### PROVIDED RECORDS
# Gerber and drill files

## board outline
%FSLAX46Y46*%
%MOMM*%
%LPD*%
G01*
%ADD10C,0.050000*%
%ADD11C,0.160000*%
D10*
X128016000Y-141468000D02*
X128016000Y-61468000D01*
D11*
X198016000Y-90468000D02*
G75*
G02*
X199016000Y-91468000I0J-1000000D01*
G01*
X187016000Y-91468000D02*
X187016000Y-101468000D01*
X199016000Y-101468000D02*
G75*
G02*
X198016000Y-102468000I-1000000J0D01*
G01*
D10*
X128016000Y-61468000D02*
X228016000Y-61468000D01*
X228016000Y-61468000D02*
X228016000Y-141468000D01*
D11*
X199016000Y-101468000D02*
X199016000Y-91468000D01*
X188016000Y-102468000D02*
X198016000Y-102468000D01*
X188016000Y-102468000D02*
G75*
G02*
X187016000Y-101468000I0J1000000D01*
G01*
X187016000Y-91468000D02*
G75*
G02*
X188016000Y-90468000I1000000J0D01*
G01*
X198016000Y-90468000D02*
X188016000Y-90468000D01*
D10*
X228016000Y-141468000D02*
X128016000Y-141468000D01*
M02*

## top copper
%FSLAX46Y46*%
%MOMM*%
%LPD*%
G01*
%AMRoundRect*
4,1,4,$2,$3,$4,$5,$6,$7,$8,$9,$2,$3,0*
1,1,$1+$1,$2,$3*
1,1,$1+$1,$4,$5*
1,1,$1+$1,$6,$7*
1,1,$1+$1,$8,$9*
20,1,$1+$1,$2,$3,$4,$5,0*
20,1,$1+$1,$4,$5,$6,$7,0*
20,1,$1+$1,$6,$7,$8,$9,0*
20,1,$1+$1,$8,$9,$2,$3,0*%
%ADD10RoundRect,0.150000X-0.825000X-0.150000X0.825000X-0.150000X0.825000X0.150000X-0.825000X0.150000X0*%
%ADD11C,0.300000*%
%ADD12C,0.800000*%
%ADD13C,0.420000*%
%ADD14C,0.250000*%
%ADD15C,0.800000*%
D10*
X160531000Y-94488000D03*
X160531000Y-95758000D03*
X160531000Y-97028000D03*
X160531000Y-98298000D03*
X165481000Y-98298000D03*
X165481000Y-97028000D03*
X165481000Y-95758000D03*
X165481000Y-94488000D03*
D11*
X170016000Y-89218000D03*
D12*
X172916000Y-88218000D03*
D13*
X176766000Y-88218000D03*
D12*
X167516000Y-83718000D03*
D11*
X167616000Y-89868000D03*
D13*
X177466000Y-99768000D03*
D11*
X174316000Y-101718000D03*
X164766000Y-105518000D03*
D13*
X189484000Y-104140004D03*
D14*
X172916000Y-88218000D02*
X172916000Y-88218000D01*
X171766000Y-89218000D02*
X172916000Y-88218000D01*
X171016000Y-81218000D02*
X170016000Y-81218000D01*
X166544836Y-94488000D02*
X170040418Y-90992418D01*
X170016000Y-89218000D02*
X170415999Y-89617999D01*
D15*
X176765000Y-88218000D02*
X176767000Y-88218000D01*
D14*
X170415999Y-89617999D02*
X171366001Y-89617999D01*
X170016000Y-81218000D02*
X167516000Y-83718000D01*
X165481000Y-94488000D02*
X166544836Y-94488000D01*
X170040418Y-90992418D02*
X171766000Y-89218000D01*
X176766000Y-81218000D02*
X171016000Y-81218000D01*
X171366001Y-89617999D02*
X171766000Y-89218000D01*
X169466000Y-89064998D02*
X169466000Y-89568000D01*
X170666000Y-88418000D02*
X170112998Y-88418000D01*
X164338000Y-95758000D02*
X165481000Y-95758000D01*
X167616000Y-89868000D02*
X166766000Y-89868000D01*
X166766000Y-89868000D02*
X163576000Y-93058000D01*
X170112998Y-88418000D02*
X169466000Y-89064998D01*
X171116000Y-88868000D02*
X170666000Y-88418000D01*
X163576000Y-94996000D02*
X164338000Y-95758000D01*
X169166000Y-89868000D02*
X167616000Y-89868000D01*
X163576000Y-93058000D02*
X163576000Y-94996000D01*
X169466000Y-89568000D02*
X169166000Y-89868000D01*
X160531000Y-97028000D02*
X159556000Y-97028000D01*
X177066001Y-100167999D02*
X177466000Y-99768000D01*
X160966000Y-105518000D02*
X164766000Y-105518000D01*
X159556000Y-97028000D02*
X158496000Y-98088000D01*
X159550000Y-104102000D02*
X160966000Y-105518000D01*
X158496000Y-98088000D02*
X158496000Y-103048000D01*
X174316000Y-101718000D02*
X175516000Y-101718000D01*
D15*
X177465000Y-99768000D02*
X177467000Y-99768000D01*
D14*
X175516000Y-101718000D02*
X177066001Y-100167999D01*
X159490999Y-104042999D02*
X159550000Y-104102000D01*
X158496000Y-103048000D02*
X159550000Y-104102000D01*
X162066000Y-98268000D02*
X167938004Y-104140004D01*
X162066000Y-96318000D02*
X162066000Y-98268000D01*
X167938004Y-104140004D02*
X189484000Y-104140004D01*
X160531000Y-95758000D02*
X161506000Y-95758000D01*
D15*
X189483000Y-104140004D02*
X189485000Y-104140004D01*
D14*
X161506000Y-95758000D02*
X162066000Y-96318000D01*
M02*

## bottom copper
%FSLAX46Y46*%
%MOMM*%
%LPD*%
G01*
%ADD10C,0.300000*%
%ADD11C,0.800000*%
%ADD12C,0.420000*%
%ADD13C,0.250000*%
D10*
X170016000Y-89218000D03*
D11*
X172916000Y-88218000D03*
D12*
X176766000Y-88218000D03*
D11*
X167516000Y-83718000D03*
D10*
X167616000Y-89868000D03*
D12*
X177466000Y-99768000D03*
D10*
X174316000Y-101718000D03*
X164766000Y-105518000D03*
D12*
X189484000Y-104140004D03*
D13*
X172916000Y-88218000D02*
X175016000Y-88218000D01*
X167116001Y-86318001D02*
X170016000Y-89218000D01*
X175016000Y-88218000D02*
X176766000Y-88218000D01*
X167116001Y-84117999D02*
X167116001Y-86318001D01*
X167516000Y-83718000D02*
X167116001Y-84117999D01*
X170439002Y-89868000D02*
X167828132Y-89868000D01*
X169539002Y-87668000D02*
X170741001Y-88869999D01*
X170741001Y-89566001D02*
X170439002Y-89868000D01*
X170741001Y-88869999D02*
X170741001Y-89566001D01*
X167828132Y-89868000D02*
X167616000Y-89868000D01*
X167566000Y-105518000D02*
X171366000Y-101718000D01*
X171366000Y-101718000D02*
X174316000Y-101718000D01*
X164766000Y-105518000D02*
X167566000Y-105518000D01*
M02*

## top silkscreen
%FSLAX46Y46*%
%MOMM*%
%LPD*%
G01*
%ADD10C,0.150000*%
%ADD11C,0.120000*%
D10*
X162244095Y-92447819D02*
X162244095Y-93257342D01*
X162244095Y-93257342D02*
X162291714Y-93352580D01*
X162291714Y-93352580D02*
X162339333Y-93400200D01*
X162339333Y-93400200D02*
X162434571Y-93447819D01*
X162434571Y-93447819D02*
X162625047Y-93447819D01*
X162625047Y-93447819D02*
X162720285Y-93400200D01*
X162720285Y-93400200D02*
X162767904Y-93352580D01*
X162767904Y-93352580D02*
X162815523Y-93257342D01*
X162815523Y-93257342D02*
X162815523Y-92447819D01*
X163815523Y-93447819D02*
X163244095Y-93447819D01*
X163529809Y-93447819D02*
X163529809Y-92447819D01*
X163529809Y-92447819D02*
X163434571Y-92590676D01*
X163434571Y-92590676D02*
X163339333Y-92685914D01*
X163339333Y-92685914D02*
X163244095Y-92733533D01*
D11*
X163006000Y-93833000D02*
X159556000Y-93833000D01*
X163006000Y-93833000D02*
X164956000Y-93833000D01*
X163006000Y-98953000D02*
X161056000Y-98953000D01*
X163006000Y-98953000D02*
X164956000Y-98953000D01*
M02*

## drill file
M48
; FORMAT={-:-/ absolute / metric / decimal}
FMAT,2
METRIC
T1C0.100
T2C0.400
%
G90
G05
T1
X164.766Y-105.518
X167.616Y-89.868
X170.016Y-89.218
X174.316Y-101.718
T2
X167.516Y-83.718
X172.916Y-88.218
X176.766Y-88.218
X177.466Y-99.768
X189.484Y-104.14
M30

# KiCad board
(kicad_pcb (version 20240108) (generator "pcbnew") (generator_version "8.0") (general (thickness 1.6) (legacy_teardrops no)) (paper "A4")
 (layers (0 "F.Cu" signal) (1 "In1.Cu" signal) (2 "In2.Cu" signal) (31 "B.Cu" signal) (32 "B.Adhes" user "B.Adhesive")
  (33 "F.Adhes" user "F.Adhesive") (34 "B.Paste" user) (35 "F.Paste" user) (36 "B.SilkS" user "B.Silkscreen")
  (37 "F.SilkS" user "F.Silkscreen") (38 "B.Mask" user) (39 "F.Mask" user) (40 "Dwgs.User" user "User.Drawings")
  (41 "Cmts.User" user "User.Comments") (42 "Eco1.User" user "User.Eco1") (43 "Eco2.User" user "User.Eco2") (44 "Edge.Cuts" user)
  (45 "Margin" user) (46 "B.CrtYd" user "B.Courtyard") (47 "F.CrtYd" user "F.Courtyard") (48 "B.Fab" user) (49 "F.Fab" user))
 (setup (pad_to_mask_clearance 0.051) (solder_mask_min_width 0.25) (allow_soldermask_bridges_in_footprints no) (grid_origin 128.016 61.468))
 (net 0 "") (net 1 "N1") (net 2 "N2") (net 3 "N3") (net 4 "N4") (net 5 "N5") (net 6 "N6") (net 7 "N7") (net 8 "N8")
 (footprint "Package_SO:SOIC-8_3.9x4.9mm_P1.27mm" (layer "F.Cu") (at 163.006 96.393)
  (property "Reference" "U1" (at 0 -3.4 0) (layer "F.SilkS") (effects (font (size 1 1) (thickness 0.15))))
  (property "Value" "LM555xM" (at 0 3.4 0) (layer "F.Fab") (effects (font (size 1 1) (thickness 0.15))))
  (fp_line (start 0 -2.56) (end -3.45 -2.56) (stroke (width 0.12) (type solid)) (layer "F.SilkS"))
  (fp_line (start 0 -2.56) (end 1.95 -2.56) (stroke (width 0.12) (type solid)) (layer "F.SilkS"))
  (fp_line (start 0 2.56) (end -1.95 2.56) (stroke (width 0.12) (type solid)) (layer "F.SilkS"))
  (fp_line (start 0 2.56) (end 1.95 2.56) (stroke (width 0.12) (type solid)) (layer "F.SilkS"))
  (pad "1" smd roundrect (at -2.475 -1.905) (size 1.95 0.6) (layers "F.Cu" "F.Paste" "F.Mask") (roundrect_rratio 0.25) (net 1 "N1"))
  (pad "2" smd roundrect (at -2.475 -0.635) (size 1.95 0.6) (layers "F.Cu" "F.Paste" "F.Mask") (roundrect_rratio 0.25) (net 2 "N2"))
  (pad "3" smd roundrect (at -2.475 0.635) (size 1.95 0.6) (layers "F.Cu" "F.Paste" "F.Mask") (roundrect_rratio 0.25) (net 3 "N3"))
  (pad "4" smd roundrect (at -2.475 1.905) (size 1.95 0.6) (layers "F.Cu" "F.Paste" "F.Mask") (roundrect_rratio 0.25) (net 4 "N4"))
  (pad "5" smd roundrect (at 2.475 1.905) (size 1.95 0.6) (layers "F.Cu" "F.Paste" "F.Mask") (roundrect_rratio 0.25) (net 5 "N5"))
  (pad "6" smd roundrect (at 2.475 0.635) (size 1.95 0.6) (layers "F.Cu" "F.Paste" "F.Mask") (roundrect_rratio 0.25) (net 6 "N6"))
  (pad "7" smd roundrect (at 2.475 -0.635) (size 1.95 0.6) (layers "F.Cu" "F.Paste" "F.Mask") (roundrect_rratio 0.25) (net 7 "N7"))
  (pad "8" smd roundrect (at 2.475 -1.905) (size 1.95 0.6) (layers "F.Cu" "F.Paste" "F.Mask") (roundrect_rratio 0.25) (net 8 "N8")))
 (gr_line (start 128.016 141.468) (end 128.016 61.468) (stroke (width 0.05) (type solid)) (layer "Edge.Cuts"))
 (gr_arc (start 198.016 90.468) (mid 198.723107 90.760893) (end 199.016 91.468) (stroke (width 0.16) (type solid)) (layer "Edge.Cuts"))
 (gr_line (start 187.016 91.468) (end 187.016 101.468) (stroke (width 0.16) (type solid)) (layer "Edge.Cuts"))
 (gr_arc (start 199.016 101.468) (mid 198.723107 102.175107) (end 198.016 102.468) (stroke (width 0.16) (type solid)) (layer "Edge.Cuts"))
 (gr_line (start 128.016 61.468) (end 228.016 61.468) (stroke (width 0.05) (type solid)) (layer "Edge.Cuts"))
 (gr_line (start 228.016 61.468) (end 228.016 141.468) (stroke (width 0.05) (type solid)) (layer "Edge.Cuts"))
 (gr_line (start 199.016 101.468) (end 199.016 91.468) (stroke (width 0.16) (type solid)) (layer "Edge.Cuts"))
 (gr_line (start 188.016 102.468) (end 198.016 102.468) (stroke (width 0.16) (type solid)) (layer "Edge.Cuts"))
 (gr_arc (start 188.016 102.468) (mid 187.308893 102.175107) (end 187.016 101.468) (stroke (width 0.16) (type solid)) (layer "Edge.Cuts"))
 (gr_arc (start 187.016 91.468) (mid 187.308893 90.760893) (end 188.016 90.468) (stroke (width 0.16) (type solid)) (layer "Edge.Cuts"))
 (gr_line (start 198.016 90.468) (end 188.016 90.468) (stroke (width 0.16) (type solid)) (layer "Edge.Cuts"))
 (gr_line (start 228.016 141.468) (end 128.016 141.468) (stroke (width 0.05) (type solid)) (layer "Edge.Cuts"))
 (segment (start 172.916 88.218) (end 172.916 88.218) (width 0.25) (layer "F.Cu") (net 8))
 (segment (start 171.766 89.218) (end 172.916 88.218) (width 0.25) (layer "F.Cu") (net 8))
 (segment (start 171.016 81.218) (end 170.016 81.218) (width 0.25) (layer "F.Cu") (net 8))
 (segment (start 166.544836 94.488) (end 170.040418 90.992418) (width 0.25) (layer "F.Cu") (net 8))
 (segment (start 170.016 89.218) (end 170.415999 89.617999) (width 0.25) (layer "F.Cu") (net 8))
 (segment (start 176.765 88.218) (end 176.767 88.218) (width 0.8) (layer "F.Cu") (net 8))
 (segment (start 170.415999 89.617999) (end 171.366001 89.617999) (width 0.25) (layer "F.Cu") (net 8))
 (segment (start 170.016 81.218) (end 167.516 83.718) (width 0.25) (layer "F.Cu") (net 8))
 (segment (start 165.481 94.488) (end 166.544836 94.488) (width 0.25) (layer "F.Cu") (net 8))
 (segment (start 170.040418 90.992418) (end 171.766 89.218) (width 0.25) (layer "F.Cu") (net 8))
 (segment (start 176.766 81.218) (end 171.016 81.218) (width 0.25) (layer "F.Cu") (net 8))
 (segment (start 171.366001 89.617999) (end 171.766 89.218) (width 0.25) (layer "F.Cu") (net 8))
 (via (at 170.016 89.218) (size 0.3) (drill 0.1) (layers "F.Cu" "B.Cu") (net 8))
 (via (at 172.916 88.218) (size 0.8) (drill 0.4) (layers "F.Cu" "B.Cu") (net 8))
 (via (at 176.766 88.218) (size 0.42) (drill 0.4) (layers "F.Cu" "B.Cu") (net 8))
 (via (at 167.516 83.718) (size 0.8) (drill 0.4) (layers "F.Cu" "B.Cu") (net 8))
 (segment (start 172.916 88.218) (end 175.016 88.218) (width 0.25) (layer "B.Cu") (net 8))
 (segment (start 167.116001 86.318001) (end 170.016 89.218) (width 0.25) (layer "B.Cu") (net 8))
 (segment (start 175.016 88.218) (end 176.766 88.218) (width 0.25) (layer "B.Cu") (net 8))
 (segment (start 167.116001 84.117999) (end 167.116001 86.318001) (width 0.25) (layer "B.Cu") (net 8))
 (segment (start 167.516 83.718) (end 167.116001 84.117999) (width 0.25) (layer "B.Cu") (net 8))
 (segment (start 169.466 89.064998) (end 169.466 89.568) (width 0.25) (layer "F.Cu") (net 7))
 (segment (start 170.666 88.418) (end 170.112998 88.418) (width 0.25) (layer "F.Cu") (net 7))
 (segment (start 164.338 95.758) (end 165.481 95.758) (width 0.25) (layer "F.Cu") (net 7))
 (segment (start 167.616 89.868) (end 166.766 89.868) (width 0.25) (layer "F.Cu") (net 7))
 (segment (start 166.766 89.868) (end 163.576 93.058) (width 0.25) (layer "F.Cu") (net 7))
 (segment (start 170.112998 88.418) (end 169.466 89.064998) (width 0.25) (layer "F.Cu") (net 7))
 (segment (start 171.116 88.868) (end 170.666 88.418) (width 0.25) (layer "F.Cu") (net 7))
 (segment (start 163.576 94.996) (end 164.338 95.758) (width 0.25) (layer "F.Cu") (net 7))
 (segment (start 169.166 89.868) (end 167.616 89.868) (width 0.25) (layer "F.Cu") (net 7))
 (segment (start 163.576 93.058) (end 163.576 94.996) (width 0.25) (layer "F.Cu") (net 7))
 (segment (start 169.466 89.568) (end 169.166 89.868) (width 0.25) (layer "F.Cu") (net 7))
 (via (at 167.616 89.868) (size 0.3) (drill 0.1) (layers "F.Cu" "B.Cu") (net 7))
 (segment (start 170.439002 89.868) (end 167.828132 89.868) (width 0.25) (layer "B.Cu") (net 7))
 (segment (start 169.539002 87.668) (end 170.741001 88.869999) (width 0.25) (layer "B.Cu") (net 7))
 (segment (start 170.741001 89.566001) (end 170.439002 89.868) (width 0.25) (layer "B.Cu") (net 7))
######
Copy each line above that has the word "Adhesive".

YOUR RESPONSE =>
 (layers (0 "F.Cu" signal) (1 "In1.Cu" signal) (2 "In2.Cu" signal) (31 "B.Cu" signal) (32 "B.Adhes" user "B.Adhesive")
  (33 "F.Adhes" user "F.Adhesive") (34 "B.Paste" user) (35 "F.Paste" user) (36 "B.SilkS" user "B.Silkscreen")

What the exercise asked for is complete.